使用 R 和 Rvest 抓取和提取 XML 站点地图元素 [英] Scraping and extracting XML sitemap elements using R and Rvest
问题描述
我需要使用 Rvest 从多个 xml 文件中提取大量 XML 站点地图元素.我已经能够使用 xpaths 从网页中提取 html_nodes,但是对于 xml 文件,这对我来说是新的.
I need to extract a large number of XML sitemap elements from multiple xml files using Rvest. I have been able to extract html_nodes from webpages using xpaths, but for xml files this is new to me.
而且,我找不到可以让我解析 xml 文件地址而不是解析大型文本块的 XML 的 Stackoverflow 问题.

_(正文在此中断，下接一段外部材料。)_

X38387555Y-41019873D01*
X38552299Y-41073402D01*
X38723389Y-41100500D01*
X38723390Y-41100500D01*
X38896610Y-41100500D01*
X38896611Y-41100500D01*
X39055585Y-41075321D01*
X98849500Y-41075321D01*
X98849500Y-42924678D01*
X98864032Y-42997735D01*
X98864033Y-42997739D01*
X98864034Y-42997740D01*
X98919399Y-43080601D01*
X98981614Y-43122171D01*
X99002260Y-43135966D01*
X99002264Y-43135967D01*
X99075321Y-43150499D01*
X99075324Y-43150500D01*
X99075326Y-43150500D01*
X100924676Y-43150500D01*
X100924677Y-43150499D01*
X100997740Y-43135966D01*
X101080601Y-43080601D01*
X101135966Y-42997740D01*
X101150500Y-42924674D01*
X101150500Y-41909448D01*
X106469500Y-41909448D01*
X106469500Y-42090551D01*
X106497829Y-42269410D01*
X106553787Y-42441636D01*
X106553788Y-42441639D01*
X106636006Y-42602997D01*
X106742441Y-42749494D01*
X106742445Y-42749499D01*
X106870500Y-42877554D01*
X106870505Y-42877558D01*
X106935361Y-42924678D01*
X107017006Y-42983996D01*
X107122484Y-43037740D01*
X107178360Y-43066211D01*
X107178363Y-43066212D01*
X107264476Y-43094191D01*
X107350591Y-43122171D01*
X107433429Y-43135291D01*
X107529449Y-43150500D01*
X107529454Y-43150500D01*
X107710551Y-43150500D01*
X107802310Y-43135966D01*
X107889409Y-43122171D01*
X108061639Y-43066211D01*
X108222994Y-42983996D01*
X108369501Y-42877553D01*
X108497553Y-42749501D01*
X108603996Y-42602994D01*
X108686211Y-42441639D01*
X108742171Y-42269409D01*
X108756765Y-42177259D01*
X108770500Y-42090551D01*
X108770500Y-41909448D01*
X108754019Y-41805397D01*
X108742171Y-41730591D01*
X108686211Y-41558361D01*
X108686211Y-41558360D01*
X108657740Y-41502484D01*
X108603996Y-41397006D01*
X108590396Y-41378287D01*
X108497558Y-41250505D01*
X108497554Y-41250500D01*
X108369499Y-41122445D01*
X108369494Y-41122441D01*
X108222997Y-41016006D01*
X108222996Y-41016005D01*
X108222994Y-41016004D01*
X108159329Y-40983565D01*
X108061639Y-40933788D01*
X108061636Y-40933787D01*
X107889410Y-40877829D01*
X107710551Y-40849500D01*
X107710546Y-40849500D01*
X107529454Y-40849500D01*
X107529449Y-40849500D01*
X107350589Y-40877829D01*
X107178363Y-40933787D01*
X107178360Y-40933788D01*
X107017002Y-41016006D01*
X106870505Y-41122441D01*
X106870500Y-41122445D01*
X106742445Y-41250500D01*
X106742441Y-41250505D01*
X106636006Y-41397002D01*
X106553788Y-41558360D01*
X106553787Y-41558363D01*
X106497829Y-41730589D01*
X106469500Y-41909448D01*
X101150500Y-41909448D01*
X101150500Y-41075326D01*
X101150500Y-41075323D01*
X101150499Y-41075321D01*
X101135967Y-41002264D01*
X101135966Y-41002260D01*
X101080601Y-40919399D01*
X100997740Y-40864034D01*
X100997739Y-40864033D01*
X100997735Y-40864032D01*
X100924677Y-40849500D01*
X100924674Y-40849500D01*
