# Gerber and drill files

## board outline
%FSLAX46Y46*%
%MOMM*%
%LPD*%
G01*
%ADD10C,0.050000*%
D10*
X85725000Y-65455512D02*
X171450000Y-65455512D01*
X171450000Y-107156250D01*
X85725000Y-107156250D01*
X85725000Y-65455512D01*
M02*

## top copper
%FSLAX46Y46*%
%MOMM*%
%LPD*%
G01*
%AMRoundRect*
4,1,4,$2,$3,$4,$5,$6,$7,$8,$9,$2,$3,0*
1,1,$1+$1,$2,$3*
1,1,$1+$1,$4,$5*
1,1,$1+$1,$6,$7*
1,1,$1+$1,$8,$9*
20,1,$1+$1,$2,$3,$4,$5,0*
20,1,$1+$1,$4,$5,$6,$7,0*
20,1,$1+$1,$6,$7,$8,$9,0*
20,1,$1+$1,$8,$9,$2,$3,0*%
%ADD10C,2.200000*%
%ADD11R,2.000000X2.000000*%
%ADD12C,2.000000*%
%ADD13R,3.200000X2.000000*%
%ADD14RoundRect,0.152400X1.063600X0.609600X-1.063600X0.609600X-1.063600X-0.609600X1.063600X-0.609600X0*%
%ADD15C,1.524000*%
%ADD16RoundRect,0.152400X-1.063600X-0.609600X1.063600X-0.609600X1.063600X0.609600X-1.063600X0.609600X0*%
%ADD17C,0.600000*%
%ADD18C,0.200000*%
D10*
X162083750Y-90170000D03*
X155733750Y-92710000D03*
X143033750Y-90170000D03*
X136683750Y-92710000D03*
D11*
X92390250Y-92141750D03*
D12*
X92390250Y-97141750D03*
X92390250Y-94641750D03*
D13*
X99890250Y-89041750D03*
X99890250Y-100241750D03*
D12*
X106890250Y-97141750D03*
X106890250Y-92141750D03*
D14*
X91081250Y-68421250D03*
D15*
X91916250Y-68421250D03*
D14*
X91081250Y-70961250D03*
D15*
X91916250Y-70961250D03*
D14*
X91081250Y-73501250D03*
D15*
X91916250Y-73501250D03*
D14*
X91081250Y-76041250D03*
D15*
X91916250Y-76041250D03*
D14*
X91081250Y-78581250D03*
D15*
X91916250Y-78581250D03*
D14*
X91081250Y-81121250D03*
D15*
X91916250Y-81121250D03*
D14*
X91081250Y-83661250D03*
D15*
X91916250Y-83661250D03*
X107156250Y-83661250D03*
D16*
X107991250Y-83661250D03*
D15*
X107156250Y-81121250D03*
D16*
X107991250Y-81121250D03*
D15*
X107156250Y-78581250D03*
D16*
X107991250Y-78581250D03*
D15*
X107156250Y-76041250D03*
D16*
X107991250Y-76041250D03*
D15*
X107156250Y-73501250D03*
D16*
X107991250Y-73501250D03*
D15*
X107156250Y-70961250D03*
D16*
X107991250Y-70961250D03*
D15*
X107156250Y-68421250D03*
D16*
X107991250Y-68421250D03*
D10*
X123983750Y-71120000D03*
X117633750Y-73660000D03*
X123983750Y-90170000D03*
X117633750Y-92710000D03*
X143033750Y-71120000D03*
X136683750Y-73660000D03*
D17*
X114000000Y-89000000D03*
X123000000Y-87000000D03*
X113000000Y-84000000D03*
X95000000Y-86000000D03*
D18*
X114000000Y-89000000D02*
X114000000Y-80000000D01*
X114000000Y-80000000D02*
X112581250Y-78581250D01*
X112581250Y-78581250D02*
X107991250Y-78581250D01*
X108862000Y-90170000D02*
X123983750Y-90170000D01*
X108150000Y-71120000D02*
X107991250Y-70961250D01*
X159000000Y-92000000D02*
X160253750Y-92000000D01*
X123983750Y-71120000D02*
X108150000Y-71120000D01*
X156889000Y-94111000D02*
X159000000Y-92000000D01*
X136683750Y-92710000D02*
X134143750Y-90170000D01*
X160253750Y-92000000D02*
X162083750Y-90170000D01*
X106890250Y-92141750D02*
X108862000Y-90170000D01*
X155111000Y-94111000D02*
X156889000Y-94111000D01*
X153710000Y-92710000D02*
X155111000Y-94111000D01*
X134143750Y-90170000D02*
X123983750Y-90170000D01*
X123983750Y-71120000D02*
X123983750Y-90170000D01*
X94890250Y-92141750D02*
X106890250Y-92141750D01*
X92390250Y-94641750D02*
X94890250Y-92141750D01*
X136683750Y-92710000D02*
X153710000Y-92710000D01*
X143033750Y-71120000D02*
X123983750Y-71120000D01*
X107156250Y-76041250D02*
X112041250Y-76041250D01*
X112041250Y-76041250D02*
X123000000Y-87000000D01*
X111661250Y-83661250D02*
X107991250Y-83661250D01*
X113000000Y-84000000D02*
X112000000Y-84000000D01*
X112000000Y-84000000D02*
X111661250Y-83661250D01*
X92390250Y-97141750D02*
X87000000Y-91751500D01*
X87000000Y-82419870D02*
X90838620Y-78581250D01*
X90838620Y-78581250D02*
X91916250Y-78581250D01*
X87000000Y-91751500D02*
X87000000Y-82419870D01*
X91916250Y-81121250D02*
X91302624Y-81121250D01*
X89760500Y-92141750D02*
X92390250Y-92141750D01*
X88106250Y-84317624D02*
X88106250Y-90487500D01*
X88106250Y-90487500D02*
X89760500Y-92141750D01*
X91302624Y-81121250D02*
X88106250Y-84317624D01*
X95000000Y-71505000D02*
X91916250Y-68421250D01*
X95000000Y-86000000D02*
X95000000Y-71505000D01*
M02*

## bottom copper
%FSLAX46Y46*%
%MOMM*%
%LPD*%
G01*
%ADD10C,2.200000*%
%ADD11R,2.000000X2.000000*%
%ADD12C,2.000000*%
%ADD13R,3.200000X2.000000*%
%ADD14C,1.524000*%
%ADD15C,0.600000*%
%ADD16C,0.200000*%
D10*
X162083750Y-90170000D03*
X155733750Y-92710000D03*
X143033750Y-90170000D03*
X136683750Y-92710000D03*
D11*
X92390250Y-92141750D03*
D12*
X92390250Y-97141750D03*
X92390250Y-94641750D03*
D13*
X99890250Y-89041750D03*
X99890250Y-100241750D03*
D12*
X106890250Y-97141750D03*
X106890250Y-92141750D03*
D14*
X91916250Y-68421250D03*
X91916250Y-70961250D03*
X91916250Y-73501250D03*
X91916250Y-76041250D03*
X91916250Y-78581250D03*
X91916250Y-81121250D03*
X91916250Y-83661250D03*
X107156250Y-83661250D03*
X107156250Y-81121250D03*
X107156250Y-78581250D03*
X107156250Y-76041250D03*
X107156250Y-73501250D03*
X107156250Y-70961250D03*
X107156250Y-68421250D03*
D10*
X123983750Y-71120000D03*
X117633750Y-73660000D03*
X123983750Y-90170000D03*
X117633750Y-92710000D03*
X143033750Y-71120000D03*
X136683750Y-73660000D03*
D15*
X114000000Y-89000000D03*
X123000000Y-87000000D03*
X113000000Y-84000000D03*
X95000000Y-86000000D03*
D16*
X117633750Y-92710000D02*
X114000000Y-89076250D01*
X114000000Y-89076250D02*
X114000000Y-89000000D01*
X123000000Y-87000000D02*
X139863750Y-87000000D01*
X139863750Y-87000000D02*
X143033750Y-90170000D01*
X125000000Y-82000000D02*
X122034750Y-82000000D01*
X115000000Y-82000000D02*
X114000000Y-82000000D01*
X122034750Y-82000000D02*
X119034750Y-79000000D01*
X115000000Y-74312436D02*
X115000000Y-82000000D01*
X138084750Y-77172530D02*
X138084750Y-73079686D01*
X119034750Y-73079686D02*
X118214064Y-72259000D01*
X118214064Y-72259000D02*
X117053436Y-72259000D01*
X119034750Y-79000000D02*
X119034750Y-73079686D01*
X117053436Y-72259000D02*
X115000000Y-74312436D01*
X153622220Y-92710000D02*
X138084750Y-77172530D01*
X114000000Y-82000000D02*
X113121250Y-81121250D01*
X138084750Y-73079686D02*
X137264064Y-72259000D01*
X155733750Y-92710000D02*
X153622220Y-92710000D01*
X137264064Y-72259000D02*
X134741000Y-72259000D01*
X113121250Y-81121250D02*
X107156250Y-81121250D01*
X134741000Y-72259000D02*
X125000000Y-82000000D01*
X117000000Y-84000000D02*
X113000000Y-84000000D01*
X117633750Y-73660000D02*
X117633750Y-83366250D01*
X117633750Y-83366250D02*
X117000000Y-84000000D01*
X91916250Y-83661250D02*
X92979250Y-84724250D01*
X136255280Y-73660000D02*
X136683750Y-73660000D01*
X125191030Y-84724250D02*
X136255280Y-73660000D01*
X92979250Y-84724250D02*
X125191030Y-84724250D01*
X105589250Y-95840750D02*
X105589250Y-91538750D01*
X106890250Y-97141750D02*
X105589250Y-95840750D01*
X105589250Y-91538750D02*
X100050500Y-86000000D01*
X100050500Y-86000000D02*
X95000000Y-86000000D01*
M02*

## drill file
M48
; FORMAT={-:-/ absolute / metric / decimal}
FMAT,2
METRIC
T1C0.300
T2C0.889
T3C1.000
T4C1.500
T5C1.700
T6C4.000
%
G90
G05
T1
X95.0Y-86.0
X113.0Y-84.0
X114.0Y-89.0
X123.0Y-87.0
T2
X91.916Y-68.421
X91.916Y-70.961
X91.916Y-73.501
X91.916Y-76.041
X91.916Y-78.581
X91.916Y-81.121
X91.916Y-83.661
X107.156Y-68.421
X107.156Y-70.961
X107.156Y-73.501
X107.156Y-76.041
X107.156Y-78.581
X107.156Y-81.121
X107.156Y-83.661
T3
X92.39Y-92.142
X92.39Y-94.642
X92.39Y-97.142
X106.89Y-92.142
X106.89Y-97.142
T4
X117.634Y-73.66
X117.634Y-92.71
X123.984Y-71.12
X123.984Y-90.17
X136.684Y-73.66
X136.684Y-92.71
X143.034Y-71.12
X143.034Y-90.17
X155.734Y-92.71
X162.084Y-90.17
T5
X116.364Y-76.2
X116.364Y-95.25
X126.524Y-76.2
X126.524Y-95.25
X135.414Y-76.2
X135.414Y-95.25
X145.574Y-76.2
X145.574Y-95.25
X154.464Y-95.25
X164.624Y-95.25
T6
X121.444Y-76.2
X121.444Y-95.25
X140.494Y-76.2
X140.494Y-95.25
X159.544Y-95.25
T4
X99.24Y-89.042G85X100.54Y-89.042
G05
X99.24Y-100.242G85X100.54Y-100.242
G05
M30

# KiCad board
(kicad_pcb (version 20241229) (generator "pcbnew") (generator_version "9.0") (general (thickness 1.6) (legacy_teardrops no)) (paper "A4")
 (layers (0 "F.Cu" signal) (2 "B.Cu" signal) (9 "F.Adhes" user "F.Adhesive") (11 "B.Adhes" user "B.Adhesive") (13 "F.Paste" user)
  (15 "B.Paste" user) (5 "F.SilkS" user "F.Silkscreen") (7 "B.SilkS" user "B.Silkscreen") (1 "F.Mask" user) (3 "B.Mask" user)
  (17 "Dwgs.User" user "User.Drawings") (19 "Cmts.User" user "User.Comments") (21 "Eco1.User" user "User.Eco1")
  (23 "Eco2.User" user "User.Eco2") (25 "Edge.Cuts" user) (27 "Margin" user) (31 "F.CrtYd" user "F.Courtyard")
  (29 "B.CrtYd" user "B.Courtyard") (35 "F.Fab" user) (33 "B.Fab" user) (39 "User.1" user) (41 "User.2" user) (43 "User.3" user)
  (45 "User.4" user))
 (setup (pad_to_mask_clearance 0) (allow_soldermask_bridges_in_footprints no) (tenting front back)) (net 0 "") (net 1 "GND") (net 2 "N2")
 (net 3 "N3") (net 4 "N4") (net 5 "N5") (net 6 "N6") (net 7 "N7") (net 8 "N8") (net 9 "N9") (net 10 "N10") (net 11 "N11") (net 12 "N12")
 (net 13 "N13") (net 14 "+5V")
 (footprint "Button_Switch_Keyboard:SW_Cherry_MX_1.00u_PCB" (layer "F.Cu") (at 162.08375 90.17)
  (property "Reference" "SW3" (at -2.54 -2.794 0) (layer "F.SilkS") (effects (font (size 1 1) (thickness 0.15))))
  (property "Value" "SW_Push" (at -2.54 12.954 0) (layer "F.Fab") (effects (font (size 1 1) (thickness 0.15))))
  (pad "" np_thru_hole circle (at -7.62 5.08) (size 1.7 1.7) (drill 1.7) (layers "*.Cu" "*.Mask"))
  (pad "" np_thru_hole circle (at -2.54 5.08) (size 4 4) (drill 4) (layers "*.Cu" "*.Mask"))
  (pad "" np_thru_hole circle (at 2.54 5.08) (size 1.7 1.7) (drill 1.7) (layers "*.Cu" "*.Mask"))
  (pad "1" thru_hole circle (at 0 0) (size 2.2 2.2) (drill 1.5) (layers "*.Cu" "*.Mask") (remove_unused_layers no) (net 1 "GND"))
  (pad "2" thru_hole circle (at -6.35 2.54) (size 2.2 2.2) (drill 1.5) (layers "*.Cu" "*.Mask") (remove_unused_layers no) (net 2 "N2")))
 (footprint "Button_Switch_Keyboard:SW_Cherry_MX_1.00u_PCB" (layer "F.Cu") (at 143.03375 90.17)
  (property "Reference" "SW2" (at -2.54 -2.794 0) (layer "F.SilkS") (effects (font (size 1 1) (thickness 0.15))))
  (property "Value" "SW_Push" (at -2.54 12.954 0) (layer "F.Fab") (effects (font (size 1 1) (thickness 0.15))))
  (pad "" np_thru_hole circle (at -7.62 5.08) (size 1.7 1.7) (drill 1.7) (layers "*.Cu" "*.Mask"))
  (pad "" np_thru_hole circle (at -2.54 5.08) (size 4 4) (drill 4) (layers "*.Cu" "*.Mask"))
  (pad "" np_thru_hole circle (at 2.54 5.08) (size 1.7 1.7) (drill 1.7) (layers "*.Cu" "*.Mask"))
  (pad "1" thru_hole circle (at 0 0) (size 2.2 2.2) (drill 1.5) (layers "*.Cu" "*.Mask") (remove_unused_layers no) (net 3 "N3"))
  (pad "2" thru_hole circle (at -6.35 2.54) (size 2.2 2.2) (drill 1.5) (layers "*.Cu" "*.Mask") (remove_unused_layers no) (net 1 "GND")))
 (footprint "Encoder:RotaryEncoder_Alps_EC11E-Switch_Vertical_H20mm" (layer "F.Cu") (at 92.39025 92.14175)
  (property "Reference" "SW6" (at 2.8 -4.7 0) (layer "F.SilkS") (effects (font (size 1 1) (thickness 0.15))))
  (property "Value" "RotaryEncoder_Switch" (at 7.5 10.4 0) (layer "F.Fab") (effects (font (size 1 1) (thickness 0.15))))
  (pad "A" thru_hole rect (at 0 0) (size 2 2) (drill 1) (layers "*.Cu" "*.Mask") (remove_unused_layers no) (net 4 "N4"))
  (pad "B" thru_hole circle (at 0 5) (size 2 2) (drill 1) (layers "*.Cu" "*.Mask") (remove_unused_layers no) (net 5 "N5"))
  (pad "C" thru_hole circle (at 0 2.5) (size 2 2) (drill 1) (layers "*.Cu" "*.Mask") (remove_unused_layers no) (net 1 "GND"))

And, I can't find a Stackoverflow question that lets me parse an xml file address, rather than parsing a large text chunk of XML.
我用于 html 的示例:
Example of what I have used for html:
library(dplyr)
library(rvest)
webpage <- "https://www.example.co.uk/"
data <- webpage %>%
read_html() %>%
html_nodes("any given node goes here") %>%
html_text()
我如何调整它以从如下所示的 XML 文件(解析地址)中获取loc"XML 文件元素:
How do I adapt this to take a "loc" XML file element from an XML file (parsing the address) that looks like this:
<urlset>
<url>
<loc>https://www.example.co.uk/</loc>
<lastmod>2020-05-01</lastmod>
<changefreq>always</changefreq>
<priority>0.8</priority>
</url>
<url>
<loc>https://www.example.co.uk/news</loc>
<changefreq>always</changefreq>
<priority>0.6</priority>
</url>
<url>
<loc>https://www.example.co.uk/news/uk</loc>
<changefreq>always</changefreq>
<priority>0.5</priority>
</url>
<url>
<loc>https://www.example.co.uk/news/weather</loc>
<changefreq>always</changefreq>
<priority>0.5</priority>
</url>
<url>
<loc>https://www.example.co.uk/news/world</loc>
<changefreq>always</changefreq>
<priority>0.5</priority>
</url>
以下是我在 Dave 提供的脚本中所做的更改:
Here is what I have changed in the script kindly provided by Dave:
library(xml2)
#list of files to process
fnames<-c("xml1.xml")
dfs<-lapply(fnames, function(fname) {
doc<-read_xml(fname)
#find loc and lastmod
loc<-trimws(xml_text(xml_find_all(doc, ".//loc")))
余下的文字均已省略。